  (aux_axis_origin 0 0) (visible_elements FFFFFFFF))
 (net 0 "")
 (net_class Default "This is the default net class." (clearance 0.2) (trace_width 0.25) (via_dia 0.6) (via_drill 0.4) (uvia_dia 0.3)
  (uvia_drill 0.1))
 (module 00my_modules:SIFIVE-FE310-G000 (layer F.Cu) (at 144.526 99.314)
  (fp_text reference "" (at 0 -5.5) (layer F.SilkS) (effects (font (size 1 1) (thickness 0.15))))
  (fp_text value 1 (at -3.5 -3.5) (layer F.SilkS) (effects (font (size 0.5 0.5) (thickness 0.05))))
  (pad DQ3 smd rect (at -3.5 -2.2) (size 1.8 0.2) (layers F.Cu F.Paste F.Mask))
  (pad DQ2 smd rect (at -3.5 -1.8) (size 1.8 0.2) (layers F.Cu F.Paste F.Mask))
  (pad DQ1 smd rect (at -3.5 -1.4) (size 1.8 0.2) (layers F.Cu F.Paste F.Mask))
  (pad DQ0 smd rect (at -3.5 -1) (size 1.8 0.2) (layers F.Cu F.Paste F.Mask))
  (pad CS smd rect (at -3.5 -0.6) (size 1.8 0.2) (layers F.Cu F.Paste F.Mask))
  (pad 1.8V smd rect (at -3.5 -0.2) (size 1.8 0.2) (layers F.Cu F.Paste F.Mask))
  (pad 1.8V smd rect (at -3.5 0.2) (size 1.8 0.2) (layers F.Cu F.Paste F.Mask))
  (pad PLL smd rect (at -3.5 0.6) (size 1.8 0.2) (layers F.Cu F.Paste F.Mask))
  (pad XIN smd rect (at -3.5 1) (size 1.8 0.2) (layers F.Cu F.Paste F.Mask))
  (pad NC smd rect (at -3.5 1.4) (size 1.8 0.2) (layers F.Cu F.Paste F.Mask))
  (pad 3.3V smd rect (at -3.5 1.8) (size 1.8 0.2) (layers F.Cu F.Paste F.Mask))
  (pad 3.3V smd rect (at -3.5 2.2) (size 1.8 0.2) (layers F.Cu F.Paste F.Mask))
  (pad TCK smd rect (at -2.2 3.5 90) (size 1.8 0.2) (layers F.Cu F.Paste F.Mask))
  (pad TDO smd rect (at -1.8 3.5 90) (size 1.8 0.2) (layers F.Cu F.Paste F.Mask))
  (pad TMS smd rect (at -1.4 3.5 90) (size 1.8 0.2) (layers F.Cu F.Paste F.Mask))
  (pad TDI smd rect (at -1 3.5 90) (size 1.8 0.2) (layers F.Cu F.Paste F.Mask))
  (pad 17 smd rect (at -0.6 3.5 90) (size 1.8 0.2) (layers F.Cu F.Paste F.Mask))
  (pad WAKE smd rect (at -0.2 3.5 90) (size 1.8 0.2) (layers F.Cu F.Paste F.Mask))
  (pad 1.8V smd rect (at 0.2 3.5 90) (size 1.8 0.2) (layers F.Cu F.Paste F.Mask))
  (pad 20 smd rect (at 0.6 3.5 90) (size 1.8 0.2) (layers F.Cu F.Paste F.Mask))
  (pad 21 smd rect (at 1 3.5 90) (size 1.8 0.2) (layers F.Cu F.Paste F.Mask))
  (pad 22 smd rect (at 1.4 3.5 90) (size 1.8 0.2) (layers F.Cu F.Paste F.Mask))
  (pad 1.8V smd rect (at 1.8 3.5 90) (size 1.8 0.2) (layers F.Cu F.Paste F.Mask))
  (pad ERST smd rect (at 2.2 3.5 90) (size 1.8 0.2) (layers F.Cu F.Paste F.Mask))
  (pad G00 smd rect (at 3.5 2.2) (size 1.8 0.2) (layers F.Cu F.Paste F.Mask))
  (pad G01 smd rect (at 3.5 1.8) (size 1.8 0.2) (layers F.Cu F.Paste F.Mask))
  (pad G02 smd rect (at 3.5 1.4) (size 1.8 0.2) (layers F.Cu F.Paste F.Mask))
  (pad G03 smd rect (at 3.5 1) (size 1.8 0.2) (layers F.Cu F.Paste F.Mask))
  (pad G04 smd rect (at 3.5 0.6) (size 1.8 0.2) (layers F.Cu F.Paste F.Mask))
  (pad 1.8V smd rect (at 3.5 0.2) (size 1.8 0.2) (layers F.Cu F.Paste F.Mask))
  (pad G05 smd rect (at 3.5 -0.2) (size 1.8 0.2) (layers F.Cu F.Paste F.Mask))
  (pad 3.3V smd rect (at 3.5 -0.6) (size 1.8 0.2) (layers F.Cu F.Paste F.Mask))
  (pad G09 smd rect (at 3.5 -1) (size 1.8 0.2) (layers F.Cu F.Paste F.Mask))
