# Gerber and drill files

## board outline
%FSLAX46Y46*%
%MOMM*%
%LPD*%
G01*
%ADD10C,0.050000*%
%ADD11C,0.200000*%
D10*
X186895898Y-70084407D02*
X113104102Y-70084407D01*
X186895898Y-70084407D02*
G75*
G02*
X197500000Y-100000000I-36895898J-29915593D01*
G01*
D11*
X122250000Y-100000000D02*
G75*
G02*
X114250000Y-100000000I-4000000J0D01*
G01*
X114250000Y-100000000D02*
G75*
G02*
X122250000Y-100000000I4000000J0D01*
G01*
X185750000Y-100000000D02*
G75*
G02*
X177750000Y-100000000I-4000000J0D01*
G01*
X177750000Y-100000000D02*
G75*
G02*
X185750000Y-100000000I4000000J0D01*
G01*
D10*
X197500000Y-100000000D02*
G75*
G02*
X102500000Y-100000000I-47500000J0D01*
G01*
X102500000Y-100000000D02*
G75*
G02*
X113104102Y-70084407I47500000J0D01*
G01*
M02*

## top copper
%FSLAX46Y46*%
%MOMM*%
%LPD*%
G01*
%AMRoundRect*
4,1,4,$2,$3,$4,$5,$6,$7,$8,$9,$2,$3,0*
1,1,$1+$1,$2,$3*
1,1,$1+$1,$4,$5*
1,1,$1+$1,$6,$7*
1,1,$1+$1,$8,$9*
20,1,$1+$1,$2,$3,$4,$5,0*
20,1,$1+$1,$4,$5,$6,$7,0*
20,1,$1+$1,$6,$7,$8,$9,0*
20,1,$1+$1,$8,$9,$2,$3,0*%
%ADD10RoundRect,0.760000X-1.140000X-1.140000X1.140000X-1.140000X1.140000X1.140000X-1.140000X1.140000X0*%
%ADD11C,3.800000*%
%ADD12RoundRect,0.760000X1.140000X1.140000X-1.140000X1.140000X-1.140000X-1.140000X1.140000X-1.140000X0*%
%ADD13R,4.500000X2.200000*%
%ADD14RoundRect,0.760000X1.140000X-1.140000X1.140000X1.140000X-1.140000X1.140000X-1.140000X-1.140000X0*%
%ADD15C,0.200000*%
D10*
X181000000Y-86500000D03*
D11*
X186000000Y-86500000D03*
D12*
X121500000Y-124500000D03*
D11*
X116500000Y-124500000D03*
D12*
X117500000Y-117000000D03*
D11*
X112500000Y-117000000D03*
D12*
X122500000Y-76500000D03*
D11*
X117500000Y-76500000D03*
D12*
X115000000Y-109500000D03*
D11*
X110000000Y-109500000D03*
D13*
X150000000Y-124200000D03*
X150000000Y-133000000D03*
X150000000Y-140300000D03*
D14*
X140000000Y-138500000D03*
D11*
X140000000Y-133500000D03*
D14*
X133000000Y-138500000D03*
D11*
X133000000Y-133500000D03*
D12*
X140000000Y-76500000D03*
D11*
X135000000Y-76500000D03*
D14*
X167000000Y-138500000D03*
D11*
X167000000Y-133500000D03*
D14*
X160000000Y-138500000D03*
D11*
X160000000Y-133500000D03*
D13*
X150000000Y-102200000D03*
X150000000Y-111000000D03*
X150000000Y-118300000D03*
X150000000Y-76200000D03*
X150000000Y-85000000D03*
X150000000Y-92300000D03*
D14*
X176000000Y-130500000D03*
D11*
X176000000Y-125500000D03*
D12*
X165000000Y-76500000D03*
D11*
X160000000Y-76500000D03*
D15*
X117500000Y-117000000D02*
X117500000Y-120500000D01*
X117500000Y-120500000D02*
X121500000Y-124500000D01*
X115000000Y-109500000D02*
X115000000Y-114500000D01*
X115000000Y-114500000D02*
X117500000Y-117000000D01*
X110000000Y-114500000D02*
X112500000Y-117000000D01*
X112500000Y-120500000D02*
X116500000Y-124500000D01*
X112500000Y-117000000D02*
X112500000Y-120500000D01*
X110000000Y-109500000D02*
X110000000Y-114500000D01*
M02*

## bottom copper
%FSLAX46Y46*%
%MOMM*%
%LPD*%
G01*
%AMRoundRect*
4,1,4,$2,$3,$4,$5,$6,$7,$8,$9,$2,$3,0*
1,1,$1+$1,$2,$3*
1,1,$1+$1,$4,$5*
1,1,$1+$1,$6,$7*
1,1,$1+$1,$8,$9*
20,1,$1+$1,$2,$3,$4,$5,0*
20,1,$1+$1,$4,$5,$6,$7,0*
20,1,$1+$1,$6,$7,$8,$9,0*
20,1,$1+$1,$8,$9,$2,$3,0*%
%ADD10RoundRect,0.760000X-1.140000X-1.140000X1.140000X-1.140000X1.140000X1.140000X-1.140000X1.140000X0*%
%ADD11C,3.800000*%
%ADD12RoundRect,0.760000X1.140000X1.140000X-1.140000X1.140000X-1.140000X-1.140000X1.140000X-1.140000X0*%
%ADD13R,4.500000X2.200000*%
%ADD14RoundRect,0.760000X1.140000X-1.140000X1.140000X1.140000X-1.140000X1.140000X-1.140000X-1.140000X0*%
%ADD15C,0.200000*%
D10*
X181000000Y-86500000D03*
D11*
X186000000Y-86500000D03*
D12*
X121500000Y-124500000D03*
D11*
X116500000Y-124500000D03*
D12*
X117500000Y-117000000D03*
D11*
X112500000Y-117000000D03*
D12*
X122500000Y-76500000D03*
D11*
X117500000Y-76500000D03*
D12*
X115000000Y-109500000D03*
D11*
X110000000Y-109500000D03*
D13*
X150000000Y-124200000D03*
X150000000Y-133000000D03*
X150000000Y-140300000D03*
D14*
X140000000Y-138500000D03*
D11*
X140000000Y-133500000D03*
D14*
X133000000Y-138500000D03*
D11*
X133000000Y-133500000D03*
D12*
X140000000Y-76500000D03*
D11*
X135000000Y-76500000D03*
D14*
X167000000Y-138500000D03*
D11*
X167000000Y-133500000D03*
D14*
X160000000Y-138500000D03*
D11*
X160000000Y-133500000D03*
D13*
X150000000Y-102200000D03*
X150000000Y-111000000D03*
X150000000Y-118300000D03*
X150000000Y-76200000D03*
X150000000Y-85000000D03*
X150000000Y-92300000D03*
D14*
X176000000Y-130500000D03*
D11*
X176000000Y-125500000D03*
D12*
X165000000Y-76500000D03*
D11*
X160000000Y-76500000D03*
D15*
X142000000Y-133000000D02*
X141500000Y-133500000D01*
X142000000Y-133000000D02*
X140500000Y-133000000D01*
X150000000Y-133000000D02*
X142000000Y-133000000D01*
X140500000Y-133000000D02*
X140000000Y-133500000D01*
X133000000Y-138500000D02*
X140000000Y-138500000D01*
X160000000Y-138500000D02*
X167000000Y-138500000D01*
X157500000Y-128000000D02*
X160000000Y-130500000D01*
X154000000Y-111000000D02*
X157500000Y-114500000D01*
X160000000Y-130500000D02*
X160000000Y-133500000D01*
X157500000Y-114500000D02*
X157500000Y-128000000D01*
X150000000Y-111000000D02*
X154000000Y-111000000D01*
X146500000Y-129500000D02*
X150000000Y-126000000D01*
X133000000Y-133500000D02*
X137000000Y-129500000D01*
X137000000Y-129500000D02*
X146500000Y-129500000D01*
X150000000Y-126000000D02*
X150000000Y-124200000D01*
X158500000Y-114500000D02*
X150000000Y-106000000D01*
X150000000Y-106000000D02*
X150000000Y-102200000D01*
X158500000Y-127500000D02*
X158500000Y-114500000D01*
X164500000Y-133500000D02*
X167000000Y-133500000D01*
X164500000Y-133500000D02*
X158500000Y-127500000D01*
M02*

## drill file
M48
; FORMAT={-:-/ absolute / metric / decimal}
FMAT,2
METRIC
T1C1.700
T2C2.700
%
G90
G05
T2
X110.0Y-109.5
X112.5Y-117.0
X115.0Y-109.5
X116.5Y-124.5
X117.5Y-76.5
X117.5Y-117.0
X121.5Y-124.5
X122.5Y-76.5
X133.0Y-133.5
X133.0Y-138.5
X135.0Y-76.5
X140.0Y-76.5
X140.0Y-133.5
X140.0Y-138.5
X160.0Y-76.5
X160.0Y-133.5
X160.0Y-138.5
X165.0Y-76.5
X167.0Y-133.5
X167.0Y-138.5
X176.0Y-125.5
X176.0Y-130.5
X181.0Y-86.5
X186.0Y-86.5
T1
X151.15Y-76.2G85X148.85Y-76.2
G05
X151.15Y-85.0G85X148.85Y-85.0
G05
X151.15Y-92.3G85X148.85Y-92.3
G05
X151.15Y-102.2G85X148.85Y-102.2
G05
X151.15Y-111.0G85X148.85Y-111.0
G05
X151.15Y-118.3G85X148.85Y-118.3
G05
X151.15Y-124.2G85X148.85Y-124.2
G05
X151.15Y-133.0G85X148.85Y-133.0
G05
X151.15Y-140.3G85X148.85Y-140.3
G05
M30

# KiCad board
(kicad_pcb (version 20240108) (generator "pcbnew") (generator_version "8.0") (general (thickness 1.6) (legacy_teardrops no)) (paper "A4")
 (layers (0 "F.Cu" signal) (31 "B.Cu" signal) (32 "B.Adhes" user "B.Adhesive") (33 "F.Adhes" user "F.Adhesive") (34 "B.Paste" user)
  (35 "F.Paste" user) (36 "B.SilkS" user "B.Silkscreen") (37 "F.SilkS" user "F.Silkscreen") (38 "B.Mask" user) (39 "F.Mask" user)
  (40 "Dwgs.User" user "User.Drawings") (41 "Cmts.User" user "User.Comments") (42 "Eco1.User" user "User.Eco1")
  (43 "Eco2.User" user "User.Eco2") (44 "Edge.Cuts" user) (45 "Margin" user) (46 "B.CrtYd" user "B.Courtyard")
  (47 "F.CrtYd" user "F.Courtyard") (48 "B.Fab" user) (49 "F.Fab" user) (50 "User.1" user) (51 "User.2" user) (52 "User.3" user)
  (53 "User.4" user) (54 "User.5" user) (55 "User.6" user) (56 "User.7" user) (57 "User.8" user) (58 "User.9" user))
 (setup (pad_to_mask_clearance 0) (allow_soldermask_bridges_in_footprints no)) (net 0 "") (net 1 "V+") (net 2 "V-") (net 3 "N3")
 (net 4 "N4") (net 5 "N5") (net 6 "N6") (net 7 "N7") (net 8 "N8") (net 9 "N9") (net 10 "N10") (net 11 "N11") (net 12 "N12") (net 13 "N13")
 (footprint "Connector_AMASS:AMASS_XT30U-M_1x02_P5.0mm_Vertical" (layer "F.Cu") (at 181 86.5)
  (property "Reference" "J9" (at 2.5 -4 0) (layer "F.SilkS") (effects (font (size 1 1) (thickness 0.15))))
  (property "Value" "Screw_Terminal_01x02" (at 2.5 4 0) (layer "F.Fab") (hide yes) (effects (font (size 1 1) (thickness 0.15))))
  (pad "1" thru_hole roundrect (at 0 0) (size 3.8 3.8) (drill 2.7) (layers "*.Cu" "*.Mask") (remove_unused_layers no) (roundrect_rratio 0.2)
   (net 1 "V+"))
  (pad "2" thru_hole circle (at 5 0) (size 3.8 3.8) (drill 2.7) (layers "*.Cu" "*.Mask") (remove_unused_layers no) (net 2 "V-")))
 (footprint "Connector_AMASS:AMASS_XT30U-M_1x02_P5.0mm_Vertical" (layer "F.Cu") (at 121.5 124.5 180)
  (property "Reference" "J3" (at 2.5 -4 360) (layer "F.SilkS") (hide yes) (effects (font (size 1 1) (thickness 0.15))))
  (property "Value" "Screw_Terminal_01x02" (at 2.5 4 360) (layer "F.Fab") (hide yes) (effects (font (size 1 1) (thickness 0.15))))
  (pad "1" thru_hole roundrect (at 0 0 180) (size 3.8 3.8) (drill 2.7) (layers "*.Cu" "*.Mask") (remove_unused_layers no)
   (roundrect_rratio 0.2) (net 2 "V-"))
  (pad "2" thru_hole circle (at 5 0 180) (size 3.8 3.8) (drill 2.7) (layers "*.Cu" "*.Mask") (remove_unused_layers no) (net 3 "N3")))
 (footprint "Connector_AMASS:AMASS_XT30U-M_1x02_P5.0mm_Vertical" (layer "F.Cu") (at 117.5 117 180)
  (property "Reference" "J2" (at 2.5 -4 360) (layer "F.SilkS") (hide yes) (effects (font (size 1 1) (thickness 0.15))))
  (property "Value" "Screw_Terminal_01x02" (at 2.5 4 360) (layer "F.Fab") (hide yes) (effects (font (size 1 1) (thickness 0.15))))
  (pad "1" thru_hole roundrect (at 0 0 180) (size 3.8 3.8) (drill 2.7) (layers "*.Cu" "*.Mask") (remove_unused_layers no)
   (roundrect_rratio 0.2) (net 2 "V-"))
  (pad "2" thru_hole circle (at 5 0 180) (size 3.8 3.8) (drill 2.7) (layers "*.Cu" "*.Mask") (remove_unused_layers no) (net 3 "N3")))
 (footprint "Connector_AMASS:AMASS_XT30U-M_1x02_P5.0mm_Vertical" (layer "F.Cu") (at 122.5 76.5 180)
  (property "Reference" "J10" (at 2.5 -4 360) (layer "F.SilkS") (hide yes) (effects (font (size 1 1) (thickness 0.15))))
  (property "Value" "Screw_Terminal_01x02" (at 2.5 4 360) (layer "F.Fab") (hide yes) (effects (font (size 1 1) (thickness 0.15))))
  (pad "1" thru_hole roundrect (at 0 0 180) (size 3.8 3.8) (drill 2.7) (layers "*.Cu" "*.Mask") (remove_unused_layers no)
   (roundrect_rratio 0.2) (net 1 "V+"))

» ABOUT THIS TASK
What is asked for is an exact copy of the lines above from the one containing "X135.0Y-76.5" through the one containing "(kicad_pcb (version 20240108)", and only those.

» TASK ANSWER
X135.0Y-76.5
X140.0Y-76.5
X140.0Y-133.5
X140.0Y-138.5
X160.0Y-76.5
X160.0Y-133.5
X160.0Y-138.5
X165.0Y-76.5
X167.0Y-133.5
X167.0Y-138.5
X176.0Y-125.5
X176.0Y-130.5
X181.0Y-86.5
X186.0Y-86.5
T1
X151.15Y-76.2G85X148.85Y-76.2
G05
X151.15Y-85.0G85X148.85Y-85.0
G05
X151.15Y-92.3G85X148.85Y-92.3
G05
X151.15Y-102.2G85X148.85Y-102.2
G05
X151.15Y-111.0G85X148.85Y-111.0
G05
X151.15Y-118.3G85X148.85Y-118.3
G05
X151.15Y-124.2G85X148.85Y-124.2
G05
X151.15Y-133.0G85X148.85Y-133.0
G05
X151.15Y-140.3G85X148.85Y-140.3
G05
M30

# KiCad board
(kicad_pcb (version 20240108) (generator "pcbnew") (generator_version "8.0") (general (thickness 1.6) (legacy_teardrops no)) (paper "A4")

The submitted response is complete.